They're choosing not to fly to Doha or Abu Dhabi and opt to let QR, EY, EK do all the flying... Sorry, you choose not to compete or put any of your own metal on those routes within your alliances, you lose any credibility with whiny arguments. |
Originally Posted by RJSAviator76
(Post 1848521)
Yes, but that's US carriers' choice...
They're choosing not to fly to Doha or Abu Dhabi and opt to let QR, EY, EK do all the flying... Sorry, you choose not to compete or put any of your own metal on those routes within your alliances, you lose any credibility with whiny arguments. And speaking of whining, its funny watching the ME3 conniption fit over even the possibility that their sky blackening half hourly 777/380 dual subsidized fantasy might not pan out. :rolleyes: |
Gloopy, I travel between the Gulf and the U.S. when going home on leave and flights are always packed with Indians, Asians and Africans. Also, lots of American contractors.

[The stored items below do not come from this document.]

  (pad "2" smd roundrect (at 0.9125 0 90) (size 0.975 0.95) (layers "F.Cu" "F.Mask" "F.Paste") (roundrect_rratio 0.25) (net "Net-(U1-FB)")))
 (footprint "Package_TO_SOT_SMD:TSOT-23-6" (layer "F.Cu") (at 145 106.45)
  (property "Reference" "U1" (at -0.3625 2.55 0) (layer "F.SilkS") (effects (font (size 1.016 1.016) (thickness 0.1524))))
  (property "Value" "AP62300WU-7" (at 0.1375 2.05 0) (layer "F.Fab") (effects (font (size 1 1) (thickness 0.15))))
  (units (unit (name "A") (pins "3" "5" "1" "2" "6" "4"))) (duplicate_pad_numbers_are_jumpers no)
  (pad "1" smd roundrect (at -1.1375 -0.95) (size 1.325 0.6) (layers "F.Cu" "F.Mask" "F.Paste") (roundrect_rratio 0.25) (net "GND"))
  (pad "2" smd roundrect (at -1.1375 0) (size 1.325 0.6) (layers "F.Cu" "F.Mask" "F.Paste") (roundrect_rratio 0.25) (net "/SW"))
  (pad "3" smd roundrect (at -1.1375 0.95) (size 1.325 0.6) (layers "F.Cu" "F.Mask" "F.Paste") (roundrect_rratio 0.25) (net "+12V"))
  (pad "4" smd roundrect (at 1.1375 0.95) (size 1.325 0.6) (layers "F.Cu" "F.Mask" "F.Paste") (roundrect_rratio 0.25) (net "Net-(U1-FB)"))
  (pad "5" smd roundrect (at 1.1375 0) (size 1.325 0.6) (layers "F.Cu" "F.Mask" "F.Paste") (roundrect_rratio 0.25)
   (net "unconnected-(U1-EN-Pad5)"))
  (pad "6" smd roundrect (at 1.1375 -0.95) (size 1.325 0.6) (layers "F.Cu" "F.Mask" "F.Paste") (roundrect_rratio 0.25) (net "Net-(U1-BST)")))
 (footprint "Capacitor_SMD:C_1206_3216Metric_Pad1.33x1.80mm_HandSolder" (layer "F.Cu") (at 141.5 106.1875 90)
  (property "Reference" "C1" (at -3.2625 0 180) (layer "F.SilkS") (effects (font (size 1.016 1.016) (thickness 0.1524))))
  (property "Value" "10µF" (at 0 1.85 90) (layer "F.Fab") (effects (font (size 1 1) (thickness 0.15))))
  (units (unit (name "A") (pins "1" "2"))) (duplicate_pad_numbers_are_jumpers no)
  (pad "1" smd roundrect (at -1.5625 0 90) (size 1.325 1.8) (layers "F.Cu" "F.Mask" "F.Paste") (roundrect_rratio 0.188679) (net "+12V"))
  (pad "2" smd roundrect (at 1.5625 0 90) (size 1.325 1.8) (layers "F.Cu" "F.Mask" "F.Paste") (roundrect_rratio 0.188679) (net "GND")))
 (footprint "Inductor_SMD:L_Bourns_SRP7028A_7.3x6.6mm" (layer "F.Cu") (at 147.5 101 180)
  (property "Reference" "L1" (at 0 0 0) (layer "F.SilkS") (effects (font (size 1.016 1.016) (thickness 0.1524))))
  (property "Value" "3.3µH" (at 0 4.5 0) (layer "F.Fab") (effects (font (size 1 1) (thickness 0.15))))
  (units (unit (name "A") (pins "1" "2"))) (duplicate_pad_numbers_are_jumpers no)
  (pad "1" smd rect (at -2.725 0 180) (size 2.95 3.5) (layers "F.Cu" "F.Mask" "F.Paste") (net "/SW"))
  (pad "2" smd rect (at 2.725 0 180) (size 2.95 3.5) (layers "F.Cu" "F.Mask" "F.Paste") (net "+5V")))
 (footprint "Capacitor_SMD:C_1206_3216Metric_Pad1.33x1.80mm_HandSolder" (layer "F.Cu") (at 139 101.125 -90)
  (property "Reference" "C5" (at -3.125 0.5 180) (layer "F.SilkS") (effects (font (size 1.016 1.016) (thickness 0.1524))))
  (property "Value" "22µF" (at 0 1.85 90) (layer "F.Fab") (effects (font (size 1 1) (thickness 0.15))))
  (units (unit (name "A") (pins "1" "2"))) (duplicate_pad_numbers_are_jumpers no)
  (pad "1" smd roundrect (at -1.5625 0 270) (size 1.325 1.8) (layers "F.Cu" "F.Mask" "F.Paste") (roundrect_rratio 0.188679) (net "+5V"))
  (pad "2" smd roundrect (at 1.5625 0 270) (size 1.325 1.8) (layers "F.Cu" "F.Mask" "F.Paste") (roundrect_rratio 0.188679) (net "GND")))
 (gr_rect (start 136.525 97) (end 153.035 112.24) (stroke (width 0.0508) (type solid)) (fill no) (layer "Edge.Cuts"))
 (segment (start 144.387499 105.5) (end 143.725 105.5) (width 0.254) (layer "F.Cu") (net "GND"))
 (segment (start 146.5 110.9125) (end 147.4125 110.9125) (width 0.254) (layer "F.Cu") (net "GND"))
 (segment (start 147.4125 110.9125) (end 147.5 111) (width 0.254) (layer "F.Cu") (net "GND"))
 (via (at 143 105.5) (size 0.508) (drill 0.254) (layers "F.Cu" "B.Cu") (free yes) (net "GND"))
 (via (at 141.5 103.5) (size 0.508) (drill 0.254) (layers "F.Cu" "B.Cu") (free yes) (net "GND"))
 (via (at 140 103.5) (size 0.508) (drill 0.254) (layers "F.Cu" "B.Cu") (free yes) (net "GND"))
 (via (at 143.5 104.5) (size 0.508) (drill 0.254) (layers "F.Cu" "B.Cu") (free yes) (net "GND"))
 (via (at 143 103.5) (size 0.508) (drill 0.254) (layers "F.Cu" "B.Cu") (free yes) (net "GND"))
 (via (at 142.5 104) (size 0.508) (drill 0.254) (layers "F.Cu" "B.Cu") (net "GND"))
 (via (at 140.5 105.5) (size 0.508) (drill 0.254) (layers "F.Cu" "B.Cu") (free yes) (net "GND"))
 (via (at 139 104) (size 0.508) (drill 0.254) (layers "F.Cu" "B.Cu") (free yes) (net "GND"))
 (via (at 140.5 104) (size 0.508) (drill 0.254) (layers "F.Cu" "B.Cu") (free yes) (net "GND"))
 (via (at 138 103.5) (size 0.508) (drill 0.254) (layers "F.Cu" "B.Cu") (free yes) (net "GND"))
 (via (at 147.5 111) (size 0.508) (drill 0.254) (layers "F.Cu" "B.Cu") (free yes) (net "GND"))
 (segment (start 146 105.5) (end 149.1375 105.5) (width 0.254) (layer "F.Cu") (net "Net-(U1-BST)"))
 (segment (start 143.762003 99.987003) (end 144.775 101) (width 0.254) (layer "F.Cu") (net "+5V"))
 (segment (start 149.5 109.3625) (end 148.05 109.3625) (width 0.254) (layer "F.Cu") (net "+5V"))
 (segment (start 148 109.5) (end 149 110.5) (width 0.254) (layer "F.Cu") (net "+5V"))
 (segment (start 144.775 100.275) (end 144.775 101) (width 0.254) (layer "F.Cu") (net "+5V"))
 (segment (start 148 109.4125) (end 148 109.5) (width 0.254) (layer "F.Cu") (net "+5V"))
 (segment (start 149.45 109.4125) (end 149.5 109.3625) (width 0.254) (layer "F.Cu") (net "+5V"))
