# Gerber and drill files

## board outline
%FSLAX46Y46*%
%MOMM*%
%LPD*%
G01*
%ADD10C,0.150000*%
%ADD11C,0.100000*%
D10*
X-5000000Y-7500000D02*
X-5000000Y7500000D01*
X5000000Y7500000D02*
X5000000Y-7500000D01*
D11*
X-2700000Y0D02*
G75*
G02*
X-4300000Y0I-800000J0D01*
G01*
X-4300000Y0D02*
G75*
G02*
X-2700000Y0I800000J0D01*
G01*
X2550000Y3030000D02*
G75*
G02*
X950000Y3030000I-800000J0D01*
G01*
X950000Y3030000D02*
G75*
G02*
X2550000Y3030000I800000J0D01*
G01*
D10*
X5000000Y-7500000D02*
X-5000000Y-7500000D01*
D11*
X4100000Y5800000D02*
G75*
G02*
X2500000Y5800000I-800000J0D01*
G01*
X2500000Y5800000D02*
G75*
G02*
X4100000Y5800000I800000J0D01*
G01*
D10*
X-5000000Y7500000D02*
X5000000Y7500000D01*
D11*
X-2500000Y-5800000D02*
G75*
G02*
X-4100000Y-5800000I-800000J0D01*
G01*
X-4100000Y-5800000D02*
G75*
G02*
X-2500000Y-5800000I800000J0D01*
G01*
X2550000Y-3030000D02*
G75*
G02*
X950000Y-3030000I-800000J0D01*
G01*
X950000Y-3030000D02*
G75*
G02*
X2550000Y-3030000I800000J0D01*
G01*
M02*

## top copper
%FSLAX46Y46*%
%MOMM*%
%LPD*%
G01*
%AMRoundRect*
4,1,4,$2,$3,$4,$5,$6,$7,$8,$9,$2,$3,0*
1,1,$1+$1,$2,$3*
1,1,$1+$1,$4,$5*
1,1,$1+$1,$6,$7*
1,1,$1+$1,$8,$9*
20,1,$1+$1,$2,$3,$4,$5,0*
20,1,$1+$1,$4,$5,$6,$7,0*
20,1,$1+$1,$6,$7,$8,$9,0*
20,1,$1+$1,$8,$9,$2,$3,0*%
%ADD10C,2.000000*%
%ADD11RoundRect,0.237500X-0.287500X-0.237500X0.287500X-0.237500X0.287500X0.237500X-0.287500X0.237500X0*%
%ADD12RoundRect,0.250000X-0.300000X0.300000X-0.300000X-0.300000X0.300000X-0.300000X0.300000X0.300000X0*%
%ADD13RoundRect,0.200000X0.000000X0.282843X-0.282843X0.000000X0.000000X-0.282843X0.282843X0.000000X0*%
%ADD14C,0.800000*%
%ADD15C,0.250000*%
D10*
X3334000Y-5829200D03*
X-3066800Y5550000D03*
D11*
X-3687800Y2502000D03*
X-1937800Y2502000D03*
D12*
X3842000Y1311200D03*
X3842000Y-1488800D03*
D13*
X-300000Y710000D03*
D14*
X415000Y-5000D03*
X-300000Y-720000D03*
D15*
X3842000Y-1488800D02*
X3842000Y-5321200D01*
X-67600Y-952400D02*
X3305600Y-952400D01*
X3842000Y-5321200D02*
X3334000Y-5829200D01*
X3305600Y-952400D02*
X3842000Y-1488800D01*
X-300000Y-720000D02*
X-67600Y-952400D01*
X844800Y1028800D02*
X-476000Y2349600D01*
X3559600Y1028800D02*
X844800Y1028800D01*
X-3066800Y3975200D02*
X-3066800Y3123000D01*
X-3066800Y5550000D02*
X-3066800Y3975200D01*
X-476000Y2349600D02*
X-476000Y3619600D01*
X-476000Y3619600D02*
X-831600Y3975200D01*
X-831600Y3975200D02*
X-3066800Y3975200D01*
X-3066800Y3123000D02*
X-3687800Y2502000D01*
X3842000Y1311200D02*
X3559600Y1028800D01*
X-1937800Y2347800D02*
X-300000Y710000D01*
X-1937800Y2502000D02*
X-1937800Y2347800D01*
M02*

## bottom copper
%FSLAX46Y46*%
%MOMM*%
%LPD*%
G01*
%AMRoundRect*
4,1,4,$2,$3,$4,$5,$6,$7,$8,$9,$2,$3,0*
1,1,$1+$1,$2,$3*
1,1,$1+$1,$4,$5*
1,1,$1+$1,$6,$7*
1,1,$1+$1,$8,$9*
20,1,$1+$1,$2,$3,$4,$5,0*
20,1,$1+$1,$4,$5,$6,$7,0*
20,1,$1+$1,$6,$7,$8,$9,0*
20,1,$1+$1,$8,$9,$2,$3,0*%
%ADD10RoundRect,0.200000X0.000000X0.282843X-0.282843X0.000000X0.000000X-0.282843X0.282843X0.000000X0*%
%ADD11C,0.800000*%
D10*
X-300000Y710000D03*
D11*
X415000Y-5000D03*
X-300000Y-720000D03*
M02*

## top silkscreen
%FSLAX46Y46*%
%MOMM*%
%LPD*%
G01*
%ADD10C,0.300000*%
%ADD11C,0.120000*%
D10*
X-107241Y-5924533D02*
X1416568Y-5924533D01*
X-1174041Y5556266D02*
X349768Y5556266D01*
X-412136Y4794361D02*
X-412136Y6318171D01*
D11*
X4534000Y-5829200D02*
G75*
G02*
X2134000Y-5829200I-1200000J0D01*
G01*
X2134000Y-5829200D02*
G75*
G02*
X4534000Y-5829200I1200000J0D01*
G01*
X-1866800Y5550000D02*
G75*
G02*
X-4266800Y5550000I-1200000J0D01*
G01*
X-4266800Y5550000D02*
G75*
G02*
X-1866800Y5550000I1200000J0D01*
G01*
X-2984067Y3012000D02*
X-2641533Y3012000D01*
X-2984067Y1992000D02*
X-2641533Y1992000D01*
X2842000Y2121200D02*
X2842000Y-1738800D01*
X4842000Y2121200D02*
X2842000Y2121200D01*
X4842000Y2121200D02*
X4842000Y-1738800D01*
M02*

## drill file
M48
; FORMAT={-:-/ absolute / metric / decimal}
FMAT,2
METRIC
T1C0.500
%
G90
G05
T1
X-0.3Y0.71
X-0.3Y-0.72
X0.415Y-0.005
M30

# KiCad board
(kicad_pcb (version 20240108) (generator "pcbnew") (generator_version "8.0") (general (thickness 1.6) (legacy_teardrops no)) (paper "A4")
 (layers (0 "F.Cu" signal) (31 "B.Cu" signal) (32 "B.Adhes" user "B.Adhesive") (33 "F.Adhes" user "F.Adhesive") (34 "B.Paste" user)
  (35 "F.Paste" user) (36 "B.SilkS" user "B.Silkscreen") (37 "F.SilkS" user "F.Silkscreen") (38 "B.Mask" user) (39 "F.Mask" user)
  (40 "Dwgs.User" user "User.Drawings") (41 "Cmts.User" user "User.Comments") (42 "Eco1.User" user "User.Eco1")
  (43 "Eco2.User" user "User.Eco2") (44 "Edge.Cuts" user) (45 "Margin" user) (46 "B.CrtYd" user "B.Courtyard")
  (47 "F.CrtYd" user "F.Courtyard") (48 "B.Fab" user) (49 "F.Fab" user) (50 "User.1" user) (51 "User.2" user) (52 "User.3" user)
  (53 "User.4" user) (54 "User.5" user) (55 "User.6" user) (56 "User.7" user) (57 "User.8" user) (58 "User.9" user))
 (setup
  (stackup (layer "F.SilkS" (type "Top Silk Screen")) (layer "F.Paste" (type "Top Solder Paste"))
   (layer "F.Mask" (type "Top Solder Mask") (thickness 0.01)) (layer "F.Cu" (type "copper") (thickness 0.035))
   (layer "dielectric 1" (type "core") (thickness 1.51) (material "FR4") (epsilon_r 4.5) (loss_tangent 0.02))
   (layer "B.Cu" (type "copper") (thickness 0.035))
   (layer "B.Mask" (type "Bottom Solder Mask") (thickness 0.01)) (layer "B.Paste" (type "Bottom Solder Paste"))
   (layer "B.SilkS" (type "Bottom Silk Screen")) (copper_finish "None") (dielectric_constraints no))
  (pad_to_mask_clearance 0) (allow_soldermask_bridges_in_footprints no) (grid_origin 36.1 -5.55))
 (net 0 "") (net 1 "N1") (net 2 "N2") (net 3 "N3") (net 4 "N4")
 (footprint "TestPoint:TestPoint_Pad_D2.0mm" (layer "F.Cu") (at 3.334 5.8292)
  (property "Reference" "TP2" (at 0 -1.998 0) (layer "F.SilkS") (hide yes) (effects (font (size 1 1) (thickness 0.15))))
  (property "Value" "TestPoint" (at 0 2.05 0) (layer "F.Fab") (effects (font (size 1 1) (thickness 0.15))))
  (fp_circle (center 0 0) (end 0 1.2) (stroke (width 0.12) (type solid)) (fill none) (layer "F.SilkS"))
  (pad "1" smd circle (at 0 0) (size 2 2) (layers "F.Cu" "F.Mask") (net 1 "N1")))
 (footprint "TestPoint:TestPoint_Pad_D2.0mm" (layer "F.Cu") (at -3.0668 -5.55)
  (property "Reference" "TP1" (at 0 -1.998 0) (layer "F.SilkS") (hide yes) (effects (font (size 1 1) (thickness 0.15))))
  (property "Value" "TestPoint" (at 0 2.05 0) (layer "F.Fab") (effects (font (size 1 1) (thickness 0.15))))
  (fp_circle (center 0 0) (end 0 1.2) (stroke (width 0.12) (type solid)) (fill none) (layer "F.SilkS"))
  (pad "1" smd circle (at 0 0) (size 2 2) (layers "F.Cu" "F.Mask") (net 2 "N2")))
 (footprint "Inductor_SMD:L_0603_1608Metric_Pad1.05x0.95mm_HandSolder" (layer "F.Cu") (at -2.8128 -2.502)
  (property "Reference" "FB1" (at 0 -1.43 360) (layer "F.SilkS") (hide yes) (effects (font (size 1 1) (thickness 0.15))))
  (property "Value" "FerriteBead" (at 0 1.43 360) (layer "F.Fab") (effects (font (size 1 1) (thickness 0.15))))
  (fp_line (start -0.171267 -0.51) (end 0.171267 -0.51) (stroke (width 0.12) (type solid)) (layer "F.SilkS"))
  (fp_line (start -0.171267 0.51) (end 0.171267 0.51) (stroke (width 0.12) (type solid)) (layer "F.SilkS"))
  (pad "1" smd roundrect (at -0.875 0) (size 1.05 0.95) (layers "F.Cu" "F.Paste" "F.Mask") (roundrect_rratio 0.25) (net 2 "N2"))
  (pad "2" smd roundrect (at 0.875 0) (size 1.05 0.95) (layers "F.Cu" "F.Paste" "F.Mask") (roundrect_rratio 0.25) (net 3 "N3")))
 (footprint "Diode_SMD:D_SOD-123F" (layer "F.Cu") (at 3.842 0.0888 -90)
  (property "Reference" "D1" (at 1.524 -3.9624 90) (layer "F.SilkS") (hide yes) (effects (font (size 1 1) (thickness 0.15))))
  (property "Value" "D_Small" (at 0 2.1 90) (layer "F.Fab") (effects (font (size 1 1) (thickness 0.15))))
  (fp_line (start -2.21 1) (end 1.65 1) (stroke (width 0.12) (type solid)) (layer "F.SilkS"))
  (fp_line (start -2.21 -1) (end -2.21 1) (stroke (width 0.12) (type solid)) (layer "F.SilkS"))
  (fp_line (start -2.21 -1) (end 1.65 -1) (stroke (width 0.12) (type solid)) (layer "F.SilkS"))
  (pad "1" smd roundrect (at -1.4 0 270) (size 1.1 1.1) (layers "F.Cu" "F.Paste" "F.Mask") (roundrect_rratio 0.2272727273) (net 2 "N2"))
  (pad "2" smd roundrect (at 1.4 0 270) (size 1.1 1.1) (layers "F.Cu" "F.Paste" "F.Mask") (roundrect_rratio 0.2272727273) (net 1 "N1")))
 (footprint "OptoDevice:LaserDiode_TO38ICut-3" (layer "B.Cu") (at 0 0 -90)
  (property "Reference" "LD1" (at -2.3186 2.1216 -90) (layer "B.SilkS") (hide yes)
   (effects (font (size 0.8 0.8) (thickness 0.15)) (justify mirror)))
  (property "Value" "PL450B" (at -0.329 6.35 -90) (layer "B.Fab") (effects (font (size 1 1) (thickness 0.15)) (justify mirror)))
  (pad "1" thru_hole roundrect (at -0.71 0.3 225) (size 0.8 0.8) (drill 0.5) (layers "*.Cu" "*.Mask") (remove_unused_layers no)
   (roundrect_rratio 0.25) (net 3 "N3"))
  (pad "2" thru_hole circle (at 0.005 -0.415 270) (size 0.8 0.8) (drill 0.5) (layers "*.Cu" "*.Mask") (remove_unused_layers no) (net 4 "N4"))
  (pad "3" thru_hole circle (at 0.72 0.3 270) (size 0.8 0.8) (drill 0.5) (layers "*.Cu" "*.Mask") (remove_unused_layers no) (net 1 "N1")))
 (gr_line (start -5 7.5) (end -5 -7.5) (stroke (width 0.15) (type default)) (layer "Edge.Cuts"))
 (gr_line (start 5 -7.5) (end 5 7.5) (stroke (width 0.15) (type default)) (layer "Edge.Cuts"))
 (gr_circle (center -3.5 0) (end -2.7 0) (stroke (width 0.1) (type default)) (fill none) (layer "Edge.Cuts"))
 (gr_circle (center 1.75 -3.03) (end 2.55 -3.03) (stroke (width 0.1) (type default)) (fill none) (layer "Edge.Cuts"))
 (gr_line (start 5 7.5) (end -5 7.5) (stroke (width 0.15) (type default)) (layer "Edge.Cuts"))
 (gr_circle (center 3.3 -5.8) (end 4.1 -5.8) (stroke (width 0.1) (type default)) (fill none) (layer "Edge.Cuts"))
 (gr_line (start -5 -7.5) (end 5 -7.5) (stroke (width 0.15) (type default)) (layer "Edge.Cuts"))
 (gr_circle (center -3.3 5.8) (end -2.5 5.8) (stroke (width 0.1) (type default)) (fill none) (layer "Edge.Cuts"))
 (gr_circle (center 1.75 3.03) (end 2.55 3.03) (stroke (width 0.1) (type default)) (fill none) (layer "Edge.Cuts"))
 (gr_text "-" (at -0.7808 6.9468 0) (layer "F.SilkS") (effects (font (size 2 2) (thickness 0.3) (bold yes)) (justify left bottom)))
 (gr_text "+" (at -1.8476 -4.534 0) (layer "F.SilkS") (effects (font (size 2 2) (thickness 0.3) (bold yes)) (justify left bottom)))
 (segment (start 3.842 1.4888) (end 3.842 5.3212) (width 0.25) (layer "F.Cu") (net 1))
 (segment (start -0.0676 0.9524) (end 3.3056 0.9524) (width 0.25) (layer "F.Cu") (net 1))
 (segment (start 3.842 5.3212) (end 3.334 5.8292) (width 0.25) (layer "F.Cu") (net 1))
 (segment (start 3.3056 0.9524) (end 3.842 1.4888) (width 0.25) (layer "F.Cu") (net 1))
 (segment (start -0.3 0.72) (end -0.0676 0.9524) (width 0.25) (layer "F.Cu") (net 1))
 (segment (start 0.8448 -1.0288) (end -0.476 -2.3496) (width 0.25) (layer "F.Cu") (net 2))
 (segment (start 3.5596 -1.0288) (end 0.8448 -1.0288) (width 0.25) (layer "F.Cu") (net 2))
 (segment (start -3.0668 -3.9752) (end -3.0668 -3.123) (width 0.25) (layer "F.Cu") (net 2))
 (segment (start -3.0668 -5.55) (end -3.0668 -3.9752) (width 0.25) (layer "F.Cu") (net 2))
 (segment (start -0.476 -2.3496) (end -0.476 -3.6196) (width 0.25) (layer "F.Cu") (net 2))
 (segment (start -0.476 -3.6196) (end -0.8316 -3.9752) (width 0.25) (layer "F.Cu") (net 2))
 (segment (start -0.8316 -3.9752) (end -3.0668 -3.9752) (width 0.25) (layer "F.Cu") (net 2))
 (segment (start -3.0668 -3.123) (end -3.6878 -2.502) (width 0.25) (layer "F.Cu") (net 2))
 (segment (start 3.842 -1.3112) (end 3.5596 -1.0288) (width 0.25) (layer "F.Cu") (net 2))
 (segment (start -1.9378 -2.3478) (end -0.3 -0.71) (width 0.25) (layer "F.Cu") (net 3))
 (segment (start -1.9378 -2.502) (end -1.9378 -2.3478) (width 0.25) (layer "F.Cu") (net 3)))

What gets me is seeing American code on a QR or EY flight... Again, why not AA B-777 to DOH or AUH and then transfer these pax to metal operated by QR and EY? And if there's no demand or money to be made doing this flying, why get all bent out of shape about others doing it? |
Originally Posted by RJSAviator76
(Post 1848549)
Gloopy, I travel between the Gulf and the U.S. when going home on leave and flights are always packed with Indians, Asians and Africans. Also, lots of American contractors.

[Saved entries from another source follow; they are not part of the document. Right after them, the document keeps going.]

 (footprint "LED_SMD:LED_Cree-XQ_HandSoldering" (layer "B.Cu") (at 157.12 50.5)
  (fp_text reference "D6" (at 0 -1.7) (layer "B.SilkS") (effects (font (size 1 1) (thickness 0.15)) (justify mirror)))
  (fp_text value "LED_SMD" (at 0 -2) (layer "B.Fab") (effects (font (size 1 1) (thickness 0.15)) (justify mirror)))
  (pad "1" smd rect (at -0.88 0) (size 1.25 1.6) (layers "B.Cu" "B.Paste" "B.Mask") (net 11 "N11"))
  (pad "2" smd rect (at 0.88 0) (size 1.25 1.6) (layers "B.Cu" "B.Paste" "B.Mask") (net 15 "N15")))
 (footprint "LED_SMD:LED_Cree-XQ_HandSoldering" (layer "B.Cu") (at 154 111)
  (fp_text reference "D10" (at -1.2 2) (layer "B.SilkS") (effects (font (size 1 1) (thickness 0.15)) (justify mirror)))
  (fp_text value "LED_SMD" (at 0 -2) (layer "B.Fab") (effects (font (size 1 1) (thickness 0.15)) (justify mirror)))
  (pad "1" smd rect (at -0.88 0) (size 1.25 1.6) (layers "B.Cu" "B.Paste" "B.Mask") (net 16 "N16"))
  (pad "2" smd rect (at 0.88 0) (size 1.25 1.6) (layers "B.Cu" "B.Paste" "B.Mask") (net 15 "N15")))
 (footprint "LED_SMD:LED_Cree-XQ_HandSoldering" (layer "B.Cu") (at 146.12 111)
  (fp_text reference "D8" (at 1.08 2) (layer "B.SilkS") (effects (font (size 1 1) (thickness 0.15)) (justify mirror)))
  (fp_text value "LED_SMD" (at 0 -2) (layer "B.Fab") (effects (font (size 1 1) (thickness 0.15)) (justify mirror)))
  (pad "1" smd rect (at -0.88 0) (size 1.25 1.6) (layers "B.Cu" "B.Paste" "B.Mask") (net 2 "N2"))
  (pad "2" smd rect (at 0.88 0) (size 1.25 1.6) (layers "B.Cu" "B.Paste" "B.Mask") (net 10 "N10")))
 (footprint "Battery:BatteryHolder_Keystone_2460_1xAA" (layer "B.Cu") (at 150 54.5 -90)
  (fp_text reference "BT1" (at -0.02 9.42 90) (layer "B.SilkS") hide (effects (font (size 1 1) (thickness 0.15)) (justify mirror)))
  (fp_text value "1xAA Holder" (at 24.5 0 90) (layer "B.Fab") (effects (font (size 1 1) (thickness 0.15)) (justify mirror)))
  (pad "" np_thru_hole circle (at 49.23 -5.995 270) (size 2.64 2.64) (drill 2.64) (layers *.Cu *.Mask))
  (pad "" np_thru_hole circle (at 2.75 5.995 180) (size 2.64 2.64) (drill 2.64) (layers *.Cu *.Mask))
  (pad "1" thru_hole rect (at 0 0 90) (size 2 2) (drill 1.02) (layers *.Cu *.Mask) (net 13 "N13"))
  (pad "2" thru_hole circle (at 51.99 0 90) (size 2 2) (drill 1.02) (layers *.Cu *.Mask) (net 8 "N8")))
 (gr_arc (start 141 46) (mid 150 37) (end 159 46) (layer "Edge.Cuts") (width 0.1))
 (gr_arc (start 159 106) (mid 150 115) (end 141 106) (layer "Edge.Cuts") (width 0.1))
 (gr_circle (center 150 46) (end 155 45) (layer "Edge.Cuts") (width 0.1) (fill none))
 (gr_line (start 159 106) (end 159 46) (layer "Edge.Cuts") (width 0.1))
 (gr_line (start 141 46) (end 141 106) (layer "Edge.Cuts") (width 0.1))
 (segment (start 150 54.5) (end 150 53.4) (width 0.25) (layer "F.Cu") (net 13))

What gets me is seeing American code on a QR or EY flight... Again, why not AA B-777 to DOH or AUH and then transfer these pax to metal operated by QR and EY? And if there's no demand or money to be made doing this flying, why get all bent out of shape about others doing it? And under no circumstances should ME3 be allowed to buy into open skies agreements from other countries. That's just insane for us to allow that. |
Originally Posted by gloopy
(Post 1848539)
That's because there's nowhere near the O&D demand for curent flying, much less dumping additional widebodies on those routes. The ME3 are doing them because they transfer the pax all over the world, quite often to places already served by US airlines and existing partners.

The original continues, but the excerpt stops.